[Saved data entries]
========================

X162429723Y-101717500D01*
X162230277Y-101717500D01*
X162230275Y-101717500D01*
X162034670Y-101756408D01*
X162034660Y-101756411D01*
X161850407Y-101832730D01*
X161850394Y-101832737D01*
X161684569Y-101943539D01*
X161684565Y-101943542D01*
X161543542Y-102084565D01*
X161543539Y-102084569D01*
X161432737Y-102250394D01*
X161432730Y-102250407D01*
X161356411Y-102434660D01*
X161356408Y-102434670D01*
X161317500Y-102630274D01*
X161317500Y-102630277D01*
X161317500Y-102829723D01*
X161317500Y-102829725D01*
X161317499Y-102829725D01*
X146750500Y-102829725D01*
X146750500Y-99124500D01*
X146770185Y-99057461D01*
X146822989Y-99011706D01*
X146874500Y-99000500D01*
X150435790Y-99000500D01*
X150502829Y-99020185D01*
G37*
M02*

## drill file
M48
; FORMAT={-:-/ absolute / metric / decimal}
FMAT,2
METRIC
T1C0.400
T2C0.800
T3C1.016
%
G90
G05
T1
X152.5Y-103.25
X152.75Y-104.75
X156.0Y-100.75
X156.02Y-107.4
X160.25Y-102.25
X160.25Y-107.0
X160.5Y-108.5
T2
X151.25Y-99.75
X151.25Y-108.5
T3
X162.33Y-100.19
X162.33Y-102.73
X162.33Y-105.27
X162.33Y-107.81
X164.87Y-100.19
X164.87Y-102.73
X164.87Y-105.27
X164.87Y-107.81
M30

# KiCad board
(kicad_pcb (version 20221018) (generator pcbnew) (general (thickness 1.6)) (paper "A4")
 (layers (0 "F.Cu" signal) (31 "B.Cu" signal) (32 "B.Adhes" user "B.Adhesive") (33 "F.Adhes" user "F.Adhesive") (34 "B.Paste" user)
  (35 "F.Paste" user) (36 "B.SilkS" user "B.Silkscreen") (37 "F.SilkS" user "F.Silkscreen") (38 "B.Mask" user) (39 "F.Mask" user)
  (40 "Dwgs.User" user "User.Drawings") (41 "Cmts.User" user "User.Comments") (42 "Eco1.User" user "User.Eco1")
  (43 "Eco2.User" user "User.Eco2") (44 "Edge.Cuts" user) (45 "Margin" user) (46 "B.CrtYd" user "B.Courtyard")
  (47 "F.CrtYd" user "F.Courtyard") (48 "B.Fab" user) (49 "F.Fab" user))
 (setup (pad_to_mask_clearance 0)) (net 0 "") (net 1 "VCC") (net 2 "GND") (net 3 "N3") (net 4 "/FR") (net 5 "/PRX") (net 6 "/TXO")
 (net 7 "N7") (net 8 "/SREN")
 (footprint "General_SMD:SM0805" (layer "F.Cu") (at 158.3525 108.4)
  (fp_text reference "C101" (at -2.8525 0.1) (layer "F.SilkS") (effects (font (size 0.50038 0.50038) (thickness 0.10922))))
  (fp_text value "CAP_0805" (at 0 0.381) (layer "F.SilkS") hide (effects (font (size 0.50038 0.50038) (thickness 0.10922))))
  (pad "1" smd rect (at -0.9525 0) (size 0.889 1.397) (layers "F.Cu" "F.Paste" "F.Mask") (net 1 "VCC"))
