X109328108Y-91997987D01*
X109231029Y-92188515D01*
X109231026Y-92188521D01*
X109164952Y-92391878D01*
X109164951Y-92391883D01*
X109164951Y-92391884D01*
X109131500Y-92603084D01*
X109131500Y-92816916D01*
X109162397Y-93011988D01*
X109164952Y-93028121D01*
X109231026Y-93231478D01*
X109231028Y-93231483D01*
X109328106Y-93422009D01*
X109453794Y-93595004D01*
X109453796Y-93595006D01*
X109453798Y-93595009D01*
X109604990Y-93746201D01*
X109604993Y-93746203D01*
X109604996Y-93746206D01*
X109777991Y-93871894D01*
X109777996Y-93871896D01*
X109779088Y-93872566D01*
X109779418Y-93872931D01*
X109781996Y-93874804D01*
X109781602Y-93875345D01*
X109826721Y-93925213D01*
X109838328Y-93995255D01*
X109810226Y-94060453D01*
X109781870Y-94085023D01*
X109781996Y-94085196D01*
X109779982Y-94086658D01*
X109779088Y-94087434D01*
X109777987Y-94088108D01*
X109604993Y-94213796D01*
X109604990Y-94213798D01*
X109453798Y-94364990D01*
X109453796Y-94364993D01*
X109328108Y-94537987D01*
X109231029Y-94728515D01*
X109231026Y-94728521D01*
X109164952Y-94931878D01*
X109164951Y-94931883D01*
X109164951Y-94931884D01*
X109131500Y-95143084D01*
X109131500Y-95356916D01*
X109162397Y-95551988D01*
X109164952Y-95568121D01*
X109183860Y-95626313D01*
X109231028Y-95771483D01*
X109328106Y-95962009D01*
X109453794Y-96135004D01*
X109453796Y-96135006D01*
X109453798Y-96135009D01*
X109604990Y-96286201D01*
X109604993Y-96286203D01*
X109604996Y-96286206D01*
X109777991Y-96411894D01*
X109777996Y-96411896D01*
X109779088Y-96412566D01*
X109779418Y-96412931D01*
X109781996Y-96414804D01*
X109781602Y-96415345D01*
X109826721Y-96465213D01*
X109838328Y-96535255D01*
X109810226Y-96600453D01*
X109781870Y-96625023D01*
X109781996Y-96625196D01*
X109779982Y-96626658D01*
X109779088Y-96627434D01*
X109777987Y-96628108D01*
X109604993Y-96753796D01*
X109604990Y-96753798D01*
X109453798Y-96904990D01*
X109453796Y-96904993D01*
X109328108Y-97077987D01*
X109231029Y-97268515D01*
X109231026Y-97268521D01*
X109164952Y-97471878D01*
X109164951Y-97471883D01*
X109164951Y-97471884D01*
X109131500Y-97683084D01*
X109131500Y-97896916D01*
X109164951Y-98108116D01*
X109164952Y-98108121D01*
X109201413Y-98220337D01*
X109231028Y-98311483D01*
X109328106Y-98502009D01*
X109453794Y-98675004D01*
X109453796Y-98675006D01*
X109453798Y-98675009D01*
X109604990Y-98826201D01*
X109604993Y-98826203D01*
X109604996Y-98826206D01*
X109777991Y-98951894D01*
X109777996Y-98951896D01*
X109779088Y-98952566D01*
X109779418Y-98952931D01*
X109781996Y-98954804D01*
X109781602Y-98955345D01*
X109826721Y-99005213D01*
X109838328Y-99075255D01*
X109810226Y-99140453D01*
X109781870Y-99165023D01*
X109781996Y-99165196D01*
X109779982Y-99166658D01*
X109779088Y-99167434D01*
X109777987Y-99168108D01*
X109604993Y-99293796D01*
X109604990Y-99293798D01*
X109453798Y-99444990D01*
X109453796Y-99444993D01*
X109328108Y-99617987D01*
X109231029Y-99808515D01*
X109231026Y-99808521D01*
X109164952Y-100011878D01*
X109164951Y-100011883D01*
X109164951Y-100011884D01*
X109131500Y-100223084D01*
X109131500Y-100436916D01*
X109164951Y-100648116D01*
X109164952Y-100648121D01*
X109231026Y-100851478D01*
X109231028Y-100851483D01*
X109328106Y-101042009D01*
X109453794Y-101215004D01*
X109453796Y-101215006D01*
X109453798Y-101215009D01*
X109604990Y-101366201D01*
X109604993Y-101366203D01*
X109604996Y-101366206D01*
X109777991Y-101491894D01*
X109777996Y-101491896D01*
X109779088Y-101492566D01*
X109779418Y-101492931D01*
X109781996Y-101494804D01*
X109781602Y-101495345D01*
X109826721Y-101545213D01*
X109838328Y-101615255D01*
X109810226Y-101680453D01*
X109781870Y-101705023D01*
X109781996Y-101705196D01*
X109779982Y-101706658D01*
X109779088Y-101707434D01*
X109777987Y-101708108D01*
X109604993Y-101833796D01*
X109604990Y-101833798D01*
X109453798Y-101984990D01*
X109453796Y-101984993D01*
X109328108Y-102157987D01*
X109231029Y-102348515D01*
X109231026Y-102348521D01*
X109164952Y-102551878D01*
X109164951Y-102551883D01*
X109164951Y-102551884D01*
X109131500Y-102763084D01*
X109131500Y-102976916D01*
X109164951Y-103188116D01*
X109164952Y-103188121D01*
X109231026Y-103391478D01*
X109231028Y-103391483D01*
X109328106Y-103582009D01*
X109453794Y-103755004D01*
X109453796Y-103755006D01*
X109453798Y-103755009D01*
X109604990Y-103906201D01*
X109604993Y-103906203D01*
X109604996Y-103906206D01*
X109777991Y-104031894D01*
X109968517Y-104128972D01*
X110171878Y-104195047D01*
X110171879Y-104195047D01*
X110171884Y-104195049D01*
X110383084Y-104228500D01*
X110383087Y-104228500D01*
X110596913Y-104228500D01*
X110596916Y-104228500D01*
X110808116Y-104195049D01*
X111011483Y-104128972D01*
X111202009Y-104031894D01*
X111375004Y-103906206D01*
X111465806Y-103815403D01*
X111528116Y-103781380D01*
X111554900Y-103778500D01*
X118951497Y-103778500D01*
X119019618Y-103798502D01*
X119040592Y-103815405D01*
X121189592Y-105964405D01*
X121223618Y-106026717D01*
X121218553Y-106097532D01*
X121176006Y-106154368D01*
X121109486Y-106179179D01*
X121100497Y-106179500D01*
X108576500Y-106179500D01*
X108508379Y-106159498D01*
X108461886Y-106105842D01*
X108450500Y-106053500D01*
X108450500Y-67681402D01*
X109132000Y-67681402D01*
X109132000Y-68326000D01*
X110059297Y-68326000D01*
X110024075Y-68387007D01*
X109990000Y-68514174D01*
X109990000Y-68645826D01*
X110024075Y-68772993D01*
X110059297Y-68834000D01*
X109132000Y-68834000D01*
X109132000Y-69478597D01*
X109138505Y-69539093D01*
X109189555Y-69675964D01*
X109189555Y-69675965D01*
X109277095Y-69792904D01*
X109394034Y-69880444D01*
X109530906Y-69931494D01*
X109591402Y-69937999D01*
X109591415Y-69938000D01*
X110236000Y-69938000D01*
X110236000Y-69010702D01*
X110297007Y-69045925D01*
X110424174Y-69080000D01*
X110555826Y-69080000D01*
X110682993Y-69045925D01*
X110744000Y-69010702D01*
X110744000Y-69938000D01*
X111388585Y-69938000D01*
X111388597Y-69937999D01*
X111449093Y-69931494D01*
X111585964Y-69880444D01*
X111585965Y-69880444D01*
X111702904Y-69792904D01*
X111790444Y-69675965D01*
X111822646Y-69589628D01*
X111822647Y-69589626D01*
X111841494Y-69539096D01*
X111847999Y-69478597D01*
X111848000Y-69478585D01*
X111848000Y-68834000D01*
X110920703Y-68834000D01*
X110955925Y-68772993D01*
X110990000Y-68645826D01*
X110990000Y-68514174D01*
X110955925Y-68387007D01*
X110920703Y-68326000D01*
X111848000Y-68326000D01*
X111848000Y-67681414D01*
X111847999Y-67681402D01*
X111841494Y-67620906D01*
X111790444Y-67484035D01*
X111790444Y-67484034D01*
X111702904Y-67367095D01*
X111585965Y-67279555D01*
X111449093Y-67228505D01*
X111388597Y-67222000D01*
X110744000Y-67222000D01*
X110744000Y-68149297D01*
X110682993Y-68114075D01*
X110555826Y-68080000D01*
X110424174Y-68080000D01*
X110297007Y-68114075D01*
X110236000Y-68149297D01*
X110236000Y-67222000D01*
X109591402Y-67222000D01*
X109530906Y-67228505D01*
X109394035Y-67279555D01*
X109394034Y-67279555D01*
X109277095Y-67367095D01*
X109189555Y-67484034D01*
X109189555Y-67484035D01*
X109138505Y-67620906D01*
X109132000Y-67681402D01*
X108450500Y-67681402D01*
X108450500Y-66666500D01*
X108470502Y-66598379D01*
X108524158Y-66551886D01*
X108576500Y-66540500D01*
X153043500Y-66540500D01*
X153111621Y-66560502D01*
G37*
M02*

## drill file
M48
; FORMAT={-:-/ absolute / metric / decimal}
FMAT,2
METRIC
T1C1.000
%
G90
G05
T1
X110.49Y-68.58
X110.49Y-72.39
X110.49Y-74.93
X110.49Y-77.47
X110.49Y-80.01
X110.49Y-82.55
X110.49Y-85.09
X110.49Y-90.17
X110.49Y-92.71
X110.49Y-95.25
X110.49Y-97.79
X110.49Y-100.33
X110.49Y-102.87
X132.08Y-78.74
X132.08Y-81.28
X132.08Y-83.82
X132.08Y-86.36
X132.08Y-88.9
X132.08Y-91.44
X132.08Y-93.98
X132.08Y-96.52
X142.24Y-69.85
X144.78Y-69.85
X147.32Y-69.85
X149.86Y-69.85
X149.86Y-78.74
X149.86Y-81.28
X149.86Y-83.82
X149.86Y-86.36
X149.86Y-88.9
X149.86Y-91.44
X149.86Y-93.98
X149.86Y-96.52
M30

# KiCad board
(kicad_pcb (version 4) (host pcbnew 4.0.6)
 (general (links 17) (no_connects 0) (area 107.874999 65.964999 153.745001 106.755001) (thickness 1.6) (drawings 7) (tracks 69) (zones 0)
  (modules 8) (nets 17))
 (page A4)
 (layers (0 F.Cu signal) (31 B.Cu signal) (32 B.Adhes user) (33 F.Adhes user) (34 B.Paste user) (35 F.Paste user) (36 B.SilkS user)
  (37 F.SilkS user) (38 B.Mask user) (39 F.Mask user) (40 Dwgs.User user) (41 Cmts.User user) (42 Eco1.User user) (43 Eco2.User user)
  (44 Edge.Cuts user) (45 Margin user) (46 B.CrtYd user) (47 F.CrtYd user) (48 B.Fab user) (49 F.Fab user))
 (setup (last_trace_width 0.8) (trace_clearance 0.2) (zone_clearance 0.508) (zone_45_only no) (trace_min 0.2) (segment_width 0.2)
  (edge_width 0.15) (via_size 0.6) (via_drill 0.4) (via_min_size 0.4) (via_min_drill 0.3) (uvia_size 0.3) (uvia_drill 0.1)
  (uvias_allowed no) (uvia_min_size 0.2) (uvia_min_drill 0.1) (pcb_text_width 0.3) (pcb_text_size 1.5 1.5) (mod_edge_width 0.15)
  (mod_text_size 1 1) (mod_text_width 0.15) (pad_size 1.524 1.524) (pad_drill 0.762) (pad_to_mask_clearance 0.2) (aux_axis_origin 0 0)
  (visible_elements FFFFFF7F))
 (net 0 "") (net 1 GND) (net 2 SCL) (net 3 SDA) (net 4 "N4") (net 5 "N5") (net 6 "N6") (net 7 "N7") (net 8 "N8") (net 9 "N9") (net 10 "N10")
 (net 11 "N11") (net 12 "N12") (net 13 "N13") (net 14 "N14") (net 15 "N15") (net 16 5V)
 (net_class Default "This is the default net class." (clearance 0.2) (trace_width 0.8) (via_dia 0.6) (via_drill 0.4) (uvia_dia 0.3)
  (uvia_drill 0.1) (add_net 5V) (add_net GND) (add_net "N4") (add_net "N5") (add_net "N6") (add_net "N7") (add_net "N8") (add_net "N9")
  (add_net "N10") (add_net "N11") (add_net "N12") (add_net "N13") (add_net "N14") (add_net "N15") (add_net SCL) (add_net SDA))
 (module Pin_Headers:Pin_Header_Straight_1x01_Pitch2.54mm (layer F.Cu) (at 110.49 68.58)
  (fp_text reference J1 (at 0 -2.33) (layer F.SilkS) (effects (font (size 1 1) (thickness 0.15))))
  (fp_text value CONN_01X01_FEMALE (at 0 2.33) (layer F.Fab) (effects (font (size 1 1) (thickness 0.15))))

========================

» HOW TO COMPLETE THIS TASK
All lines carrying the word "Cmts" must be copied from the data above.

» ANSWER AREA
  (40 "Dwgs.User" user "User.Drawings") (41 "Cmts.User" user "User.Comments") (42 "Eco1.User" user "User.Eco1")
  (37 F.SilkS user) (38 B.Mask user) (39 F.Mask user) (40 Dwgs.User user) (41 Cmts.User user) (42 Eco1.User user) (43 Eco2.User user)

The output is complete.